Differentiation of logarithmic functions

Question

I'm going over my homework from calc, and am having some trouble with a few questions. It seems as if I'm just not understanding how to solve the problem:

1. $$f(x) = \sqrt[5]{\ln x}$$

2. $$f(x) = \sqrt{x}\ln x$$

3. $$f(x)= \ln \dfrac{({2x+1})^3}{({3x-1})^4}$$

For the first one, I'm not even sure what to do.

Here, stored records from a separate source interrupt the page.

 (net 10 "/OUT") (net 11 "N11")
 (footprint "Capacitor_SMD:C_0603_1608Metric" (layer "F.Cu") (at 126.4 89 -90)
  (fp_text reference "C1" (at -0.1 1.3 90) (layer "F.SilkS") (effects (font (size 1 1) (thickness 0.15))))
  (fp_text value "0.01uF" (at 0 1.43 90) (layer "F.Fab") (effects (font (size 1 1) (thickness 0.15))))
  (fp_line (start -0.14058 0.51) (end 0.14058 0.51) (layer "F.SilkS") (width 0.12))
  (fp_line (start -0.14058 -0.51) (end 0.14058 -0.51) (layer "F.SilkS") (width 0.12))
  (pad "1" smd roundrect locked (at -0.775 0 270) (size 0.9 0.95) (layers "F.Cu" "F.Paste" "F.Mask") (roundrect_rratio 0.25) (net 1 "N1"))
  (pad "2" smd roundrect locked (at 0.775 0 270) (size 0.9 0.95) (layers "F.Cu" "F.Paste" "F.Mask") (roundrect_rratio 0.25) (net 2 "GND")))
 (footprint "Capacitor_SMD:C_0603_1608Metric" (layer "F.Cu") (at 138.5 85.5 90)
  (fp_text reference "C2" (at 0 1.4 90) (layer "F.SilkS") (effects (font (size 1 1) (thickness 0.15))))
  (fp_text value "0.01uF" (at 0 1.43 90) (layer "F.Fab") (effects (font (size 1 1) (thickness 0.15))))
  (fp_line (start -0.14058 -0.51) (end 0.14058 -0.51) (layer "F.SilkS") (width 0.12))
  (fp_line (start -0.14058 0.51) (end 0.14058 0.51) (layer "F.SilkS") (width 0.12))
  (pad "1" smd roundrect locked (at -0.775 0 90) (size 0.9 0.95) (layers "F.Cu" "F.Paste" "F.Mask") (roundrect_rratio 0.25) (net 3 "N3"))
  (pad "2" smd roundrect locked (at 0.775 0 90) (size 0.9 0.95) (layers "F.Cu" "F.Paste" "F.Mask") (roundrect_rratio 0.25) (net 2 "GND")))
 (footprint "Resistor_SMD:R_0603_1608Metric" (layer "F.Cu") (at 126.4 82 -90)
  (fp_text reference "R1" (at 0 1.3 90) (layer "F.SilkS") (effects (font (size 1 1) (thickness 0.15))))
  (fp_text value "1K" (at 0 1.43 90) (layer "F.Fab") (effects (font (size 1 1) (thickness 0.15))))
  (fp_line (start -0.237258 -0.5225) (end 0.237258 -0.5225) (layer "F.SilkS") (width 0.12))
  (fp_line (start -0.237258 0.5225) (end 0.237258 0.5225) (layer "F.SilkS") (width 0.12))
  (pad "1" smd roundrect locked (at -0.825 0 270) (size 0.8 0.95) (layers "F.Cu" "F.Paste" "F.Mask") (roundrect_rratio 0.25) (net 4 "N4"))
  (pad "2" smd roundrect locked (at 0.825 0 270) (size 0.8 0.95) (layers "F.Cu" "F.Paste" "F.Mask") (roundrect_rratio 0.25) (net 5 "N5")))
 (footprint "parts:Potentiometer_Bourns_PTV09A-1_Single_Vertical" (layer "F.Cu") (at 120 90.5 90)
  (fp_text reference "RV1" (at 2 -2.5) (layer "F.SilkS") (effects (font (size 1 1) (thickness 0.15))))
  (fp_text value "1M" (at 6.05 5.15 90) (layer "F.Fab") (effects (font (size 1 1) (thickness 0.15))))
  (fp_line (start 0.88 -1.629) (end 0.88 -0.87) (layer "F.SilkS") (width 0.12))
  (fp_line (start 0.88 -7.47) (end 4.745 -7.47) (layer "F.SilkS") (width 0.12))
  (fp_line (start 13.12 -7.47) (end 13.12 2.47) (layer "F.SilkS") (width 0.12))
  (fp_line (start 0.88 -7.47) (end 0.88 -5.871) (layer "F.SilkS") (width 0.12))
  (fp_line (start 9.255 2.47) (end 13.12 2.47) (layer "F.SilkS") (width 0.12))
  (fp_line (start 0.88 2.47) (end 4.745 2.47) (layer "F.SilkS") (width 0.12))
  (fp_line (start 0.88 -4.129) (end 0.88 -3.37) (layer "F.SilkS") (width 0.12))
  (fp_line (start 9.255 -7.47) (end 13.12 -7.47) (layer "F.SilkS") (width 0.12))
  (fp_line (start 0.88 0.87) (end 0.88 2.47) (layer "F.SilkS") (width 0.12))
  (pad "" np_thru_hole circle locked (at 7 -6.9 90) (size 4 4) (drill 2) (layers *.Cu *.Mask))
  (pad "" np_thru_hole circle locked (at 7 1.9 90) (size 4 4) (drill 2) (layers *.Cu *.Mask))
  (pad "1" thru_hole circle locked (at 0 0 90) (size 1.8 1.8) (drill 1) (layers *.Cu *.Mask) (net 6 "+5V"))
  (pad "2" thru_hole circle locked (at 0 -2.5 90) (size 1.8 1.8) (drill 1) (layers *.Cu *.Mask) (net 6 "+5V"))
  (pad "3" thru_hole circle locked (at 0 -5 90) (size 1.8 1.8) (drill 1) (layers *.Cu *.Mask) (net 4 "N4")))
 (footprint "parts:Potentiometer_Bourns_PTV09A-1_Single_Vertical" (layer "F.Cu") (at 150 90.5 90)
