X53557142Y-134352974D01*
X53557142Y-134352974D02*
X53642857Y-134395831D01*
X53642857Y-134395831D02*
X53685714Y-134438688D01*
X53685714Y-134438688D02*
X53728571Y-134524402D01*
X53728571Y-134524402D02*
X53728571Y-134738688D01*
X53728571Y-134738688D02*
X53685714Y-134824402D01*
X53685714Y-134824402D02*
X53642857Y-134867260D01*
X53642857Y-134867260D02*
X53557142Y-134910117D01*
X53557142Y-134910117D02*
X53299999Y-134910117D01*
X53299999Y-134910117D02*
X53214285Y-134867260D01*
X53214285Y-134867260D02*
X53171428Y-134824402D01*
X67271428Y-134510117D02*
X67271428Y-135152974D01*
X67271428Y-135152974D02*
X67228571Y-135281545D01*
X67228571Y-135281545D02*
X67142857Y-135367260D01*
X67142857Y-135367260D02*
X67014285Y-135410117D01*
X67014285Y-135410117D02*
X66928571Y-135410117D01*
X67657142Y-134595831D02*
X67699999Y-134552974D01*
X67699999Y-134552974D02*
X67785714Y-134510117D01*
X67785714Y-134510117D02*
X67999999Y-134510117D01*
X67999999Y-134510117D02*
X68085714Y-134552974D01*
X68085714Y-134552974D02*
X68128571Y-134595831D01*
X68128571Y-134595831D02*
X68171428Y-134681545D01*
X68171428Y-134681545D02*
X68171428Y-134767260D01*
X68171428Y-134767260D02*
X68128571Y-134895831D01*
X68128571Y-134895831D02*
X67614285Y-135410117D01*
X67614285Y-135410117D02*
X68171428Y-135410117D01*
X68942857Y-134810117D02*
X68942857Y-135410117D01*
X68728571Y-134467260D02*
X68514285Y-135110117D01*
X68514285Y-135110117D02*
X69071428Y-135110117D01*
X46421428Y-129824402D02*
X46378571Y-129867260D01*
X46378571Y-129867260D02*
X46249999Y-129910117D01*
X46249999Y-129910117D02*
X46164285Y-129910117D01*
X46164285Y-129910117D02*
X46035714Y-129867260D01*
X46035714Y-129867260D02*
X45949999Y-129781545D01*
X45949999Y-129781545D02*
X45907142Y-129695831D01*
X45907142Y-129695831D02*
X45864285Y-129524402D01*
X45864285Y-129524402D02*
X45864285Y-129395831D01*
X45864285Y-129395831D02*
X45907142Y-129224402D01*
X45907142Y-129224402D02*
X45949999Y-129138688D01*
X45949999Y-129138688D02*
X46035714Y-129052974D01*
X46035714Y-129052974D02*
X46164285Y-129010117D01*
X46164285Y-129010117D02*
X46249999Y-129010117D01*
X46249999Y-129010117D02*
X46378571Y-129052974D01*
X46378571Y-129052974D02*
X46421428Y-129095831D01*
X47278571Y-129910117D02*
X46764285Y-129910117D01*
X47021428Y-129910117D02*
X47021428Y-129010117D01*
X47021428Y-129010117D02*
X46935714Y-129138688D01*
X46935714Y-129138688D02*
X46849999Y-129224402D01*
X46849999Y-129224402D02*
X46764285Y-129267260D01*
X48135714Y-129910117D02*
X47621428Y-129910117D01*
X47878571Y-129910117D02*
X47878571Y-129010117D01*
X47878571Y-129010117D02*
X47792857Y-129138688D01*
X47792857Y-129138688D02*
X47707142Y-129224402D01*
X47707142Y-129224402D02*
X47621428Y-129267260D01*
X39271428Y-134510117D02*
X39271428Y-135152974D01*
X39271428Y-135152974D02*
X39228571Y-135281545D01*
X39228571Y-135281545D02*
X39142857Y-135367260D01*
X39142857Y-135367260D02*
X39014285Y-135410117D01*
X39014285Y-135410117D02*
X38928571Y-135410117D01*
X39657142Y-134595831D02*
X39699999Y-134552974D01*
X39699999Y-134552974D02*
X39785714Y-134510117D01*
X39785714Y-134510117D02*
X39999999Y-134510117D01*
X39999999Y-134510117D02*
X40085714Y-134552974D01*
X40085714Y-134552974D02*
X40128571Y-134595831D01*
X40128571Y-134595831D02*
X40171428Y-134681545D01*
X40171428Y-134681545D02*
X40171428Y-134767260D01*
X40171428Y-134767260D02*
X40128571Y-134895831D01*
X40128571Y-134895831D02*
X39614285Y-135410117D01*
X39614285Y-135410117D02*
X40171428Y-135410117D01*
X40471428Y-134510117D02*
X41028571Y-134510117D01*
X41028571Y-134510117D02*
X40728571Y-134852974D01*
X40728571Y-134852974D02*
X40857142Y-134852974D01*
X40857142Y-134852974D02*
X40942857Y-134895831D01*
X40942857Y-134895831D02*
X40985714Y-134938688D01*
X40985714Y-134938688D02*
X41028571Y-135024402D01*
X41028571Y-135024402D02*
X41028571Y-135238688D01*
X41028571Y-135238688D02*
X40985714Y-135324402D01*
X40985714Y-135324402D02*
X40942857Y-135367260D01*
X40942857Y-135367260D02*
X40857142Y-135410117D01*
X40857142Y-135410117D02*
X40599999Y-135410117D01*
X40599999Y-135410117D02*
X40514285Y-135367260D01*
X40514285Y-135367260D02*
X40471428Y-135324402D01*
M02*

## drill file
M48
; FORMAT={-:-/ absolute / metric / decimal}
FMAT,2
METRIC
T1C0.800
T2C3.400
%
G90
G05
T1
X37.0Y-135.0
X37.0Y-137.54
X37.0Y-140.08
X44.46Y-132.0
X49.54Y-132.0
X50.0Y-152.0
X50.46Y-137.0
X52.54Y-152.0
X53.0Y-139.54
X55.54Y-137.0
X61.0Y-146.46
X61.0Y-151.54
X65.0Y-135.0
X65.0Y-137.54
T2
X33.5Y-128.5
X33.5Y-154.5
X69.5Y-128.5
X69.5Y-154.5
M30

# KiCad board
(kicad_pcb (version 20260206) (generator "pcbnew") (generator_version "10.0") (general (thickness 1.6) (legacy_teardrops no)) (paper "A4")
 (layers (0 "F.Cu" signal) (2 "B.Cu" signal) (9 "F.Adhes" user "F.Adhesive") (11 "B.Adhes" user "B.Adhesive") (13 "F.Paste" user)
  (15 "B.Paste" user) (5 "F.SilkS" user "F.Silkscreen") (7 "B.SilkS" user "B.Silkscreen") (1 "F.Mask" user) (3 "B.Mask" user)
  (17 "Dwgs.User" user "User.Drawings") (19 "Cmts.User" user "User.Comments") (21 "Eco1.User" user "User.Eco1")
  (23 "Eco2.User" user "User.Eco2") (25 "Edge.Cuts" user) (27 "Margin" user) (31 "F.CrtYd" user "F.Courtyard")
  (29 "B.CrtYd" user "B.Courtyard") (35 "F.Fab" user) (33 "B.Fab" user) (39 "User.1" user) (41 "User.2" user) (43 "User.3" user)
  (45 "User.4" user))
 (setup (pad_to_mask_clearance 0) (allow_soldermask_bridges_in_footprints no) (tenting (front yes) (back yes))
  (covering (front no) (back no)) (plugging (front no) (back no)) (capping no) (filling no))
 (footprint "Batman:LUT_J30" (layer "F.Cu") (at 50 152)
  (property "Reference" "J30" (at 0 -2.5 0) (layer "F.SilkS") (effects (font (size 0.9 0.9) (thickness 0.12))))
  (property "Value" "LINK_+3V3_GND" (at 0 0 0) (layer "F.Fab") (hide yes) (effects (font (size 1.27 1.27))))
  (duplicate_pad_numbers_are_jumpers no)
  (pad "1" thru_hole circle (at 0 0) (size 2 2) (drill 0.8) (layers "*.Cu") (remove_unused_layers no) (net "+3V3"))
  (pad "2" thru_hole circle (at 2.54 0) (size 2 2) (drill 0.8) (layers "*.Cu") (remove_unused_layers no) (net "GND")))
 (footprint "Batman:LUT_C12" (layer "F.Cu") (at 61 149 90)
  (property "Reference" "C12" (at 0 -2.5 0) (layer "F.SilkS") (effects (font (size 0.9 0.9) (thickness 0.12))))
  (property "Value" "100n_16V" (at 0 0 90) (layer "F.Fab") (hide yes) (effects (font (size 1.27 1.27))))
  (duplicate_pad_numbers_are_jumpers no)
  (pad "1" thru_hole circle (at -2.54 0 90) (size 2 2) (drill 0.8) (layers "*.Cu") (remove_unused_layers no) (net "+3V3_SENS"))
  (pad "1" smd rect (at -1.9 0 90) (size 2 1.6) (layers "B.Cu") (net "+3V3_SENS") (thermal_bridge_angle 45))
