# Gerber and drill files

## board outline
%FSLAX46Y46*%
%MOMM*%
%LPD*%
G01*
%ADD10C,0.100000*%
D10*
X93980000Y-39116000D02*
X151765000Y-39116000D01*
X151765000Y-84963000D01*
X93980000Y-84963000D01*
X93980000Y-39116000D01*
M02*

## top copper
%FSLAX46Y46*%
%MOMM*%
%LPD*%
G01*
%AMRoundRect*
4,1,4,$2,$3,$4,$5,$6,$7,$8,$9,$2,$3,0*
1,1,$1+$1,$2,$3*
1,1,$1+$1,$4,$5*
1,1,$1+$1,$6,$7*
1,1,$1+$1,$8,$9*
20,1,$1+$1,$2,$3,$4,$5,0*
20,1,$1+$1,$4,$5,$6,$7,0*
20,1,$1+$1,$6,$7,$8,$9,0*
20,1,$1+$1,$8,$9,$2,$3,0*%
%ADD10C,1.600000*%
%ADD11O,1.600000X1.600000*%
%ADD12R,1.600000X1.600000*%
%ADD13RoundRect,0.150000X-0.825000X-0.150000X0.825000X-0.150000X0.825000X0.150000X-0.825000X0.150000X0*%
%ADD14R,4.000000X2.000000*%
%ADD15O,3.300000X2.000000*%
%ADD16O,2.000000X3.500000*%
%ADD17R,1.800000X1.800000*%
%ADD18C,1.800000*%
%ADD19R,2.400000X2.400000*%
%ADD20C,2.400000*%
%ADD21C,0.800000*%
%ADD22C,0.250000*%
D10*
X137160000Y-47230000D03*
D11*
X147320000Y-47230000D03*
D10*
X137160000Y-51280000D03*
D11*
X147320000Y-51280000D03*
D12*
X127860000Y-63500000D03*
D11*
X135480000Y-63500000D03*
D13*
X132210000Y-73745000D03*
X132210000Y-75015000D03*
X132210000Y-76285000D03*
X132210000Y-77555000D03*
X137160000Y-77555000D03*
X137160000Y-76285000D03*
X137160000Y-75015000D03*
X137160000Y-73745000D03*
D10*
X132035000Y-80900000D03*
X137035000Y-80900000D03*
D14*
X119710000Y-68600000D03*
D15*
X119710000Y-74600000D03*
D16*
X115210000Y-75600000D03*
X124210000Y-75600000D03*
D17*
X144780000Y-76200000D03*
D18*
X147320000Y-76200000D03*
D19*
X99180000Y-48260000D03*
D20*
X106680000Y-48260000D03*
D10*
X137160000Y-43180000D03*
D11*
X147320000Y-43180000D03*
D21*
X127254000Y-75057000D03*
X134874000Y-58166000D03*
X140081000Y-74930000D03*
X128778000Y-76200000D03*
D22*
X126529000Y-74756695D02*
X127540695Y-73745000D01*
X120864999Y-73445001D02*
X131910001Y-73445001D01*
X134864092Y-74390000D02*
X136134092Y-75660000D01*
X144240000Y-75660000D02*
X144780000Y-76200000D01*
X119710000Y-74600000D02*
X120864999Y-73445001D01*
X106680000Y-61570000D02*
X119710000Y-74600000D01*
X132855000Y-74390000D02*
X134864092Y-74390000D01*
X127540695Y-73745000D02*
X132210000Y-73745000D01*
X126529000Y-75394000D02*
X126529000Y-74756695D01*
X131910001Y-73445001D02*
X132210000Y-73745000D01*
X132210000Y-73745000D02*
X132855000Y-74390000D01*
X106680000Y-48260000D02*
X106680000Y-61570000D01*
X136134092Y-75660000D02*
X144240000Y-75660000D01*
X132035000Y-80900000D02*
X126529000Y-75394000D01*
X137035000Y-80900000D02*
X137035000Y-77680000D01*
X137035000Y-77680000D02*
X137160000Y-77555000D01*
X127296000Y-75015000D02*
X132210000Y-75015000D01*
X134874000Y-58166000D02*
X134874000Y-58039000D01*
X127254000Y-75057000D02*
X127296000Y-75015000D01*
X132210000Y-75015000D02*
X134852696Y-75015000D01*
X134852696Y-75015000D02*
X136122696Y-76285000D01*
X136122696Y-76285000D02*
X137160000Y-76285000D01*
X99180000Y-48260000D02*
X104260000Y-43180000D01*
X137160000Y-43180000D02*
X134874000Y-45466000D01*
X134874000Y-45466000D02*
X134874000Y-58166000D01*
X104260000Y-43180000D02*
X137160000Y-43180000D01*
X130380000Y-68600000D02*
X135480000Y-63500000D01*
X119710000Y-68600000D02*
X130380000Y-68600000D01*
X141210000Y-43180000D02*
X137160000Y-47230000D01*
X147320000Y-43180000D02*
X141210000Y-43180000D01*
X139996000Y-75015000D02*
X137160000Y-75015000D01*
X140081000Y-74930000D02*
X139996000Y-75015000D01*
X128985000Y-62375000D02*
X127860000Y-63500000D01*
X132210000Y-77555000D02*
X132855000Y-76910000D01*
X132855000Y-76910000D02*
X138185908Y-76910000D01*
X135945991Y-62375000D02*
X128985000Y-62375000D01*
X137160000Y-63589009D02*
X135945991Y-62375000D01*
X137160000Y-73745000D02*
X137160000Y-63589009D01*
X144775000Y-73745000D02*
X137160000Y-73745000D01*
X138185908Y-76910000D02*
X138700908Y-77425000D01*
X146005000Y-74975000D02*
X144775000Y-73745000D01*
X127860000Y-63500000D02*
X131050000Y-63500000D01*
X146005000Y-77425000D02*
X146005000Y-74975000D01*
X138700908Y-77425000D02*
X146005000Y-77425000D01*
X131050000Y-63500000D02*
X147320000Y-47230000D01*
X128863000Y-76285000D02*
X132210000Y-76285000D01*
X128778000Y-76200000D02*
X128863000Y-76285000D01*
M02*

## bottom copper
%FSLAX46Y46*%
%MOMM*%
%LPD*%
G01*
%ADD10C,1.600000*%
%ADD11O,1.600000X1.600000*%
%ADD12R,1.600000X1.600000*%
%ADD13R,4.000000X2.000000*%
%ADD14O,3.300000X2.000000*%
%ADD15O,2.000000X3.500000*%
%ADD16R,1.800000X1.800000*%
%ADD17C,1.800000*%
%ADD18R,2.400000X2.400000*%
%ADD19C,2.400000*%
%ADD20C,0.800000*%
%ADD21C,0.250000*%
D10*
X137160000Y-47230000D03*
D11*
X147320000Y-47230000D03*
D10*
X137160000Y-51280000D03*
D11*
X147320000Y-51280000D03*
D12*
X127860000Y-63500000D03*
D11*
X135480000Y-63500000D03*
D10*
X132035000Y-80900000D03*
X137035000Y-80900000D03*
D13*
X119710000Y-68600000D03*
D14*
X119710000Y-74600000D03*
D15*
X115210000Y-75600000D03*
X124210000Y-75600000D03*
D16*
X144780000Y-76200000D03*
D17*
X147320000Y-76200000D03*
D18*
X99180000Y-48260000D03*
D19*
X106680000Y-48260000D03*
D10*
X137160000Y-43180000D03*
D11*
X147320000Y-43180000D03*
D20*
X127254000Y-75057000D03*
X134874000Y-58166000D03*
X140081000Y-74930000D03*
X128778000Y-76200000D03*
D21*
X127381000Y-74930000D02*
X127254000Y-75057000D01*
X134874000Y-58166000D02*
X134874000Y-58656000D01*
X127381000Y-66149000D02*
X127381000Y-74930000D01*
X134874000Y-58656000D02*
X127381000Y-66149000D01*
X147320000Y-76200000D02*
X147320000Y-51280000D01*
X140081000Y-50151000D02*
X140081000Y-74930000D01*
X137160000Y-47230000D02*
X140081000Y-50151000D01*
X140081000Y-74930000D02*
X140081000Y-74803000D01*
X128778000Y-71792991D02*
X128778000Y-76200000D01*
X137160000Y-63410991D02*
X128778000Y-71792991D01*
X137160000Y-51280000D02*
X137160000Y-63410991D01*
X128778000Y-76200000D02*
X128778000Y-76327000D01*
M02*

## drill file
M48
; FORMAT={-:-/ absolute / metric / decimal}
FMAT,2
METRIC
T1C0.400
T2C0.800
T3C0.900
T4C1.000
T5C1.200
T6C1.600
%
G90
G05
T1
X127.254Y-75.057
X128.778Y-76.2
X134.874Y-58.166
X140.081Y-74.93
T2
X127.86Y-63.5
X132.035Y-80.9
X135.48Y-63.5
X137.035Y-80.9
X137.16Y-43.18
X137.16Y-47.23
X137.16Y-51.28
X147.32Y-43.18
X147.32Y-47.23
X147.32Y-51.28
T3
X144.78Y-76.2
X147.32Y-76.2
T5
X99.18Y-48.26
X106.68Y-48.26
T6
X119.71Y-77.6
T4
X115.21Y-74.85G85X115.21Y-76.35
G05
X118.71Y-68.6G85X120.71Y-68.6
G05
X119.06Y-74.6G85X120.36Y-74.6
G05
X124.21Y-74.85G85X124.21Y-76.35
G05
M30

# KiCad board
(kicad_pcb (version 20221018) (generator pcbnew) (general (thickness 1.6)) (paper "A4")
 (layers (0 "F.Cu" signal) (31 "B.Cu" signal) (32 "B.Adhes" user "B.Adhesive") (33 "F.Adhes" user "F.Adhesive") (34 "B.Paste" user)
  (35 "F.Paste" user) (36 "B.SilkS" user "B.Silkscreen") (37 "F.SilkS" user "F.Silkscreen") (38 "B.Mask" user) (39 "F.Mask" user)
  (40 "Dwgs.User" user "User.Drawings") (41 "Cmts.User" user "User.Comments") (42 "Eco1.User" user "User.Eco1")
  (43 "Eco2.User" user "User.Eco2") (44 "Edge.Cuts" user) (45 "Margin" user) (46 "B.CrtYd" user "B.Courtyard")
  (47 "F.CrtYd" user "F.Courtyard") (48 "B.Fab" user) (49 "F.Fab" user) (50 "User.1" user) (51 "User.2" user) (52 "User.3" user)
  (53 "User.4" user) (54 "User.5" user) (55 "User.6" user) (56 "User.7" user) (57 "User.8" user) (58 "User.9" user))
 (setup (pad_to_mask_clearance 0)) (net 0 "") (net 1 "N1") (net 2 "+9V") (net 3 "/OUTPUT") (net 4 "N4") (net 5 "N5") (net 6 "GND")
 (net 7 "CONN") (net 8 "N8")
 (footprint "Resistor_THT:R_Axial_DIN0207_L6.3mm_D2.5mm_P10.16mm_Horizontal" (layer "F.Cu") (at 137.16 47.23)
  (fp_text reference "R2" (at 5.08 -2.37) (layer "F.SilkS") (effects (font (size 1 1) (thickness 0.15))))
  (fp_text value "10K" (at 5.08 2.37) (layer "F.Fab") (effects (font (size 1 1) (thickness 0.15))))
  (pad "1" thru_hole circle (at 0 0) (size 1.6 1.6) (drill 0.8) (layers "*.Cu" "*.Mask") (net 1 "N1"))
  (pad "2" thru_hole oval (at 10.16 0) (size 1.6 1.6) (drill 0.8) (layers "*.Cu" "*.Mask") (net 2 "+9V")))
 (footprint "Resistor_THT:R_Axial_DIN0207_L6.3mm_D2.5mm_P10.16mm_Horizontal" (layer "F.Cu") (at 137.16 51.28)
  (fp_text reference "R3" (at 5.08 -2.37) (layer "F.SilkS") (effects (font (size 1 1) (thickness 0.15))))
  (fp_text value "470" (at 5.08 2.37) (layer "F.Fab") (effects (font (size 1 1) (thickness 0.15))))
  (pad "1" thru_hole circle (at 0 0) (size 1.6 1.6) (drill 0.8) (layers "*.Cu" "*.Mask") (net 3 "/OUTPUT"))
  (pad "2" thru_hole oval (at 10.16 0) (size 1.6 1.6) (drill 0.8) (layers "*.Cu" "*.Mask") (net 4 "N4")))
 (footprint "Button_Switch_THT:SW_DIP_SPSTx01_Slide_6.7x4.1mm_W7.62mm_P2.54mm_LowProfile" (layer "F.Cu") (at 127.86 63.5)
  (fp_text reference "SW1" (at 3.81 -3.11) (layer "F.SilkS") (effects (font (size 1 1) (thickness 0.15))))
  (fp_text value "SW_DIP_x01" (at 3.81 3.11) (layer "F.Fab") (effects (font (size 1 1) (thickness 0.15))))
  (pad "1" thru_hole rect (at 0 0) (size 1.6 1.6) (drill 0.8) (layers "*.Cu" "*.Mask") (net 2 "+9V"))
  (pad "2" thru_hole oval (at 7.62 0) (size 1.6 1.6) (drill 0.8) (layers "*.Cu" "*.Mask") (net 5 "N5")))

As for the second question I ended up with:

$$f'(x) = \frac{1}{2x} \ln x + \frac{1}{x}\sqrt{x}$$

And for the last question I ended up with:

$${(2x+1)^3\over(3x-1)^4} 3 \ln 2 - 4 \ln 3$$

(Sorry for my poor formatting, I wasn't able to use \frac and put the numerator and denominator to the power of x.)

Answer 1

Hint: ($1$) Use the chain rule and remember $\sqrt[5]{y}=y^{1/5}$. ($2$) Product rule and use the fact that $\sqrt{y}=y^{1/2}$. For ($3$), use the chain rule and quotient rule. As an alternative to the quotient rule, you can use a property of logarithms that says $$\log\left(\frac{x^a}{y^b}\right)=\log(x^a)-\log(y^b)=a\log(x)-b\log(y).$$

Answer 2

For the third one, first recall from prerequisite courses that $$f(x)= \ln \dfrac{({2x+1})^3}{({3x-1})^4} = 3\ln(2x+1) - 4\ln(3x-1).$$

Then differentiate, and remember to apply the chain rule as needed.